The basic purpose of building a data element basic system based on data property rights is to coordinate and promote the data element market with the coordinated development of circulation transactions
The basic purpose of building a data element basic system based on data property rights is to coordinate and promote the data element market with the coordinated development of circulation transactions, income distribution, and security governance. And better coordinate and deal with the digital production relations that are compatible with the development of data productivity. So as to stimulate the play of the multiplier effect of data productivity. However, the construction of a complete data property rights system, data element circulation and trading system. Data element income distribution system and data element governance system is a long-term and complex social system project. Which should be first tried in areas with more developed digital economy in accordance with the principle of “pilot first, point to surface”. “Data Article 20” named “support Zhejiang and other regions and conditional industries, enterprises to try first.” 数字化转型网www.szhzxw.cn
On the basis of accumulating and summarizing the pilot experience, it will be gradually promoted in all areas of the country where conditions permit.
On this basis, gradually build a “1+N” system system with “Data 20” as the program, where “1” in the “1+N” system system refers to the CPC Central Committee and The State Council’s “Opinions on Building a more perfect Market-oriented allocation system of factors” (” Data 20 “), “N” refers to the introduction of a number of complete supporting regulations around “Data 20”. These supporting regulations mainly focus on the establishment of a sound independent and complete data property rights.

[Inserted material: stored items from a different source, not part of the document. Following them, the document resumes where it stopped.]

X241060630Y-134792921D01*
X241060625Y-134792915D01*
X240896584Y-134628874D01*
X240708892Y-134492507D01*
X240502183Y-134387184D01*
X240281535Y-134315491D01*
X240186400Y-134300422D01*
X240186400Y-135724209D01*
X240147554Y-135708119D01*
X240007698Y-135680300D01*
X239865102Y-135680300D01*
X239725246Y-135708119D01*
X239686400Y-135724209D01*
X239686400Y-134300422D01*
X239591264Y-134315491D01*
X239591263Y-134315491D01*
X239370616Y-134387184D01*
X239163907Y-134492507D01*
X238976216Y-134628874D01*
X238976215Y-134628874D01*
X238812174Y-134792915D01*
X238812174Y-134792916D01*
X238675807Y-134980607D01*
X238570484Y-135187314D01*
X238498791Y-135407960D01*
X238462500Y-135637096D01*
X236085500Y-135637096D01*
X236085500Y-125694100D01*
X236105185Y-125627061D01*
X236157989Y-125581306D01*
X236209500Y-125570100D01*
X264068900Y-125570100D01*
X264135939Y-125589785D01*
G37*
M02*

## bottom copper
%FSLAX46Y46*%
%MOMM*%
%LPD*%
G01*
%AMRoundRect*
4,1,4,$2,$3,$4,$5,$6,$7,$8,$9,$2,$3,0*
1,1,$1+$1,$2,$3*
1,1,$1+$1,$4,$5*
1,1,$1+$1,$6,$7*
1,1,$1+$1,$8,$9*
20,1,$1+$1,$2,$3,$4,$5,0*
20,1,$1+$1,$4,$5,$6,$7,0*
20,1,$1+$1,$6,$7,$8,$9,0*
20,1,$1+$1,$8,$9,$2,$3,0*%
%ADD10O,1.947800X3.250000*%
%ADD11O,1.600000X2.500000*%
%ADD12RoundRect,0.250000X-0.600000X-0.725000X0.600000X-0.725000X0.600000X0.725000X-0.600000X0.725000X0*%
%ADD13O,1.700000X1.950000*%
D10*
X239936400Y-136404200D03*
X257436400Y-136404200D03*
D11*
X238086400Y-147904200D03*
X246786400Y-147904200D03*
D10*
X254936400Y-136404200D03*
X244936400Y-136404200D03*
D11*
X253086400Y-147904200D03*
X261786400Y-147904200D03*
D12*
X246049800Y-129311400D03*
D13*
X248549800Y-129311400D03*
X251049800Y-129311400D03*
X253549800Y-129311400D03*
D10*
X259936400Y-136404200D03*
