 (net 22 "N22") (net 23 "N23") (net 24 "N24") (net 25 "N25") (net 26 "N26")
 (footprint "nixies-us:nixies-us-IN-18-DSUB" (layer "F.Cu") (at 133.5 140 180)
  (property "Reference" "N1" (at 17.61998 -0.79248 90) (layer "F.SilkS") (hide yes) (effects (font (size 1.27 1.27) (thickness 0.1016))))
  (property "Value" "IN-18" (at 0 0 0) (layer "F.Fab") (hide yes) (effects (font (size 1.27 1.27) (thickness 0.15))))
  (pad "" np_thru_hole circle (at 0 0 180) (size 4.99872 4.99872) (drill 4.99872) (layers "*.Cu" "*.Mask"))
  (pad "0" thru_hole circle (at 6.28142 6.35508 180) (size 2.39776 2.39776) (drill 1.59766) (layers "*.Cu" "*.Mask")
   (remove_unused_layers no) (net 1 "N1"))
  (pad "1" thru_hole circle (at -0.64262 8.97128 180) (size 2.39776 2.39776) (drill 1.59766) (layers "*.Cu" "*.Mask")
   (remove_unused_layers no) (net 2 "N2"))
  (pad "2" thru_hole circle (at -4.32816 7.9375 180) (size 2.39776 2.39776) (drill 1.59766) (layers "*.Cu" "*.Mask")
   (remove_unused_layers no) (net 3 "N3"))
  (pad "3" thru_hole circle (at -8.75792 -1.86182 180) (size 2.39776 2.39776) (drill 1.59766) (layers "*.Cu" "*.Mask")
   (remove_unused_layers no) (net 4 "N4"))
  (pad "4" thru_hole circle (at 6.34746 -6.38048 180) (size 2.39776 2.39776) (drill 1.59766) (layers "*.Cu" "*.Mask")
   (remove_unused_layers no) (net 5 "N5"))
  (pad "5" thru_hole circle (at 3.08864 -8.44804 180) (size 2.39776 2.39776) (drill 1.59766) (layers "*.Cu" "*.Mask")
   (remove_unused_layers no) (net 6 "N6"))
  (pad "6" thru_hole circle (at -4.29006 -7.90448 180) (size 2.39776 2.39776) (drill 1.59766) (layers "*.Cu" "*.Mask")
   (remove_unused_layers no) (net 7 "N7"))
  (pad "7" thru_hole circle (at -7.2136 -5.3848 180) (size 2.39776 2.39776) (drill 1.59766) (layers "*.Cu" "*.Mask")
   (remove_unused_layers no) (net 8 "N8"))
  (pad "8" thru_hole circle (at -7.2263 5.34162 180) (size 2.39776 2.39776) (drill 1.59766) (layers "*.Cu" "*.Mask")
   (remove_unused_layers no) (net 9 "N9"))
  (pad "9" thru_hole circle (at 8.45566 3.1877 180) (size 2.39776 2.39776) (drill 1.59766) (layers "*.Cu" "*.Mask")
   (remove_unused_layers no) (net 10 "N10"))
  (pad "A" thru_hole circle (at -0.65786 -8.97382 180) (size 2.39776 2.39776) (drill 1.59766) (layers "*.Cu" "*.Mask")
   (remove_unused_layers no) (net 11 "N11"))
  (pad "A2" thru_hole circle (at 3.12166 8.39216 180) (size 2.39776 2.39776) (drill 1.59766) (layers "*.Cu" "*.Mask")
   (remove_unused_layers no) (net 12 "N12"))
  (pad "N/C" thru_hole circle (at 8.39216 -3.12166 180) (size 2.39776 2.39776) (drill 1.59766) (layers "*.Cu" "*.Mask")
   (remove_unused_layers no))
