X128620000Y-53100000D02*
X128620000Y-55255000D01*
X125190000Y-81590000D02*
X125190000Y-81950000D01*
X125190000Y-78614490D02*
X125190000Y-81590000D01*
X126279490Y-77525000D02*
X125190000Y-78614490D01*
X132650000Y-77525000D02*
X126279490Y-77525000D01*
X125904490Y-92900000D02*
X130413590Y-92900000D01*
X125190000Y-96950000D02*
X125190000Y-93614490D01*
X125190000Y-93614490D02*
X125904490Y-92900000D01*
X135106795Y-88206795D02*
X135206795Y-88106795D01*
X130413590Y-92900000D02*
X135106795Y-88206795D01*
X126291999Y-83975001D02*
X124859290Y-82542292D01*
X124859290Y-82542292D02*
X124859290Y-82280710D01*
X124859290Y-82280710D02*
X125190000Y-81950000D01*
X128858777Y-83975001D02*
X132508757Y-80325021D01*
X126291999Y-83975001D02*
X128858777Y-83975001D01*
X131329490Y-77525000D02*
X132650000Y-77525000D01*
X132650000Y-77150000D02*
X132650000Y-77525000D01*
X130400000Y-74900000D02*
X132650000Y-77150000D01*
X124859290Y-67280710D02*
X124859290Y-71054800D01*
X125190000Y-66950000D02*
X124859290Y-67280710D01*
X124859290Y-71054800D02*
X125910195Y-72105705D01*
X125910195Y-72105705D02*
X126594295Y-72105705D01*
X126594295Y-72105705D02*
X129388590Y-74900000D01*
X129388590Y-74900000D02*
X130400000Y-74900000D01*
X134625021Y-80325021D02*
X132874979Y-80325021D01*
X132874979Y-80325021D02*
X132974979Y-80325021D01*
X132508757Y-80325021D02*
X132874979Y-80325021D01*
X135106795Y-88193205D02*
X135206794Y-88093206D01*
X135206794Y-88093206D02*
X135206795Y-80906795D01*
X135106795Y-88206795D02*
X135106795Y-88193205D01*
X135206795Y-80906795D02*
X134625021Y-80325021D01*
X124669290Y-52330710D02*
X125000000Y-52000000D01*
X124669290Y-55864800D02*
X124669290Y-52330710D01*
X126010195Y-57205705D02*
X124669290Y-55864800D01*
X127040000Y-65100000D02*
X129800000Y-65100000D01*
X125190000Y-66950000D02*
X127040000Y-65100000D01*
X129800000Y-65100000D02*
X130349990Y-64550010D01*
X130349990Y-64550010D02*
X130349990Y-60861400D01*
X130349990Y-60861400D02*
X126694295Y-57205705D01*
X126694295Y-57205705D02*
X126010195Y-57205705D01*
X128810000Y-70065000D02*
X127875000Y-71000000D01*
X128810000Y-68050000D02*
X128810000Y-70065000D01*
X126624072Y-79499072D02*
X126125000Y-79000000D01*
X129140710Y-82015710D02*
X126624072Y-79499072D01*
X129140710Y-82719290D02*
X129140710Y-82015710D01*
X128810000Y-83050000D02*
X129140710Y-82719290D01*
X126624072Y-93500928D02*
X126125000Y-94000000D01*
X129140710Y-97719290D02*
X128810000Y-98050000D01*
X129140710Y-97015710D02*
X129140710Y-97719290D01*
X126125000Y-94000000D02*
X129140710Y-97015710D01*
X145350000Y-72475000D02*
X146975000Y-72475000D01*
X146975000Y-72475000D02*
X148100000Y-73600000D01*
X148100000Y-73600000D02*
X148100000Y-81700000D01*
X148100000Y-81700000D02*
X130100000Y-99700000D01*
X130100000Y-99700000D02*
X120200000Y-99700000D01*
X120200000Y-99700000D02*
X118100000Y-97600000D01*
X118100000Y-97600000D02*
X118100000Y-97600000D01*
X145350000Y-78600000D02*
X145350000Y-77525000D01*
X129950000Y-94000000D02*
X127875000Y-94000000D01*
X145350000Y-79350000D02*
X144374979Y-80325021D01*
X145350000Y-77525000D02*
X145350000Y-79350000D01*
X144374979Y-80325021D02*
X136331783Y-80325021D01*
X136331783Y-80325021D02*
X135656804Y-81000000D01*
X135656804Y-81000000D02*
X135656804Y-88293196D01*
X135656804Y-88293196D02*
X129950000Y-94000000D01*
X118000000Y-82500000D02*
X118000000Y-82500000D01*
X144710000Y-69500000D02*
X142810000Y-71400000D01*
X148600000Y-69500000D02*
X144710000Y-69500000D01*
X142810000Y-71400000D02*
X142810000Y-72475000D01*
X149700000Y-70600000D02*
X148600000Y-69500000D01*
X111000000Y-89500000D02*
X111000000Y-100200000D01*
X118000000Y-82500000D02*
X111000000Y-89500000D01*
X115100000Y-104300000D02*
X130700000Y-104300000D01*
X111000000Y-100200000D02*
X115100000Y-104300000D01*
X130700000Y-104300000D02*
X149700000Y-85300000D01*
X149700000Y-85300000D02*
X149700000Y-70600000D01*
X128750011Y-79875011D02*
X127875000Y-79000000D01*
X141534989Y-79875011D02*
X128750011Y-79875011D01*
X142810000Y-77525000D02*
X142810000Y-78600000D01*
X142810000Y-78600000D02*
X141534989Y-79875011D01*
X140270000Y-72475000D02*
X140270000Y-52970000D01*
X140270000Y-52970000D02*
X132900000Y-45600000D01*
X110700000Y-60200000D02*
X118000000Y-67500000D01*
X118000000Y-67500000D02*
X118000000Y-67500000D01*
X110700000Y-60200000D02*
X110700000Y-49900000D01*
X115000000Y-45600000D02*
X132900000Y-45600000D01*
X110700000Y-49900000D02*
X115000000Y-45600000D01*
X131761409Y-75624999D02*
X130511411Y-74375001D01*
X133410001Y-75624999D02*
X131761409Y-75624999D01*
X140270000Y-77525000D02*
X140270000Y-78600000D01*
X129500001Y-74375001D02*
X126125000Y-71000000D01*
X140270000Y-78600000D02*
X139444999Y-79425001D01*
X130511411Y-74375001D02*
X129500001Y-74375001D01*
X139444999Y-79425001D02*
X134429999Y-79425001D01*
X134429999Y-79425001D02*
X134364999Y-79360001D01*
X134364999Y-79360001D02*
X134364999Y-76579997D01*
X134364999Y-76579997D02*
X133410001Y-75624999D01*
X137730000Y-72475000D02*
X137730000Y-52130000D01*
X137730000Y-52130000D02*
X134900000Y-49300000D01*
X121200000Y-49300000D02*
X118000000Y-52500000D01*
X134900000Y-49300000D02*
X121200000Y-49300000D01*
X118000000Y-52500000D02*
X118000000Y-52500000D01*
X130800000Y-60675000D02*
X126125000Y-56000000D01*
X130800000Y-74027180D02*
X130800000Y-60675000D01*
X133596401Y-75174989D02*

Data circulation and transaction, data income and distribution and data governance and other basic systems. Dnd the introduction of corresponding technical standards. The complete system of “1+N” data elements basic system to the national law. And ultimately form a 2.0 “1+N” data elements legal system. That is, the law of number weight and its matching data law system.
本文由数字化转型网(www.szhzxw.cn)转载而成,来源于国脉数据资产;编辑/翻译:数字化转型网宁檬树。
免责声明: 本网站(https://www.szhzxw.cn/)内容主要来自原创、合作媒体供稿和第三方投稿,凡在本网站出现的信息,均仅供参考。本网站将尽力确保所提供信息的准确性及可靠性,但不保证有关资料的准确性及可靠性,读者在使用前请进一步核实,并对任何自主决定的行为负责。本网站对有关资料所引致的错误、不确或遗漏,概不负任何法律责任。
本网站刊载的所有内容(包括但不仅限文字、图片、LOGO、音频、视频、软件、程序等) 版权归原作者所有。任何单位或个人认为本网站中的内容可能涉嫌侵犯其知识产权或存在不实内容时,请及时通知本站,予以删除。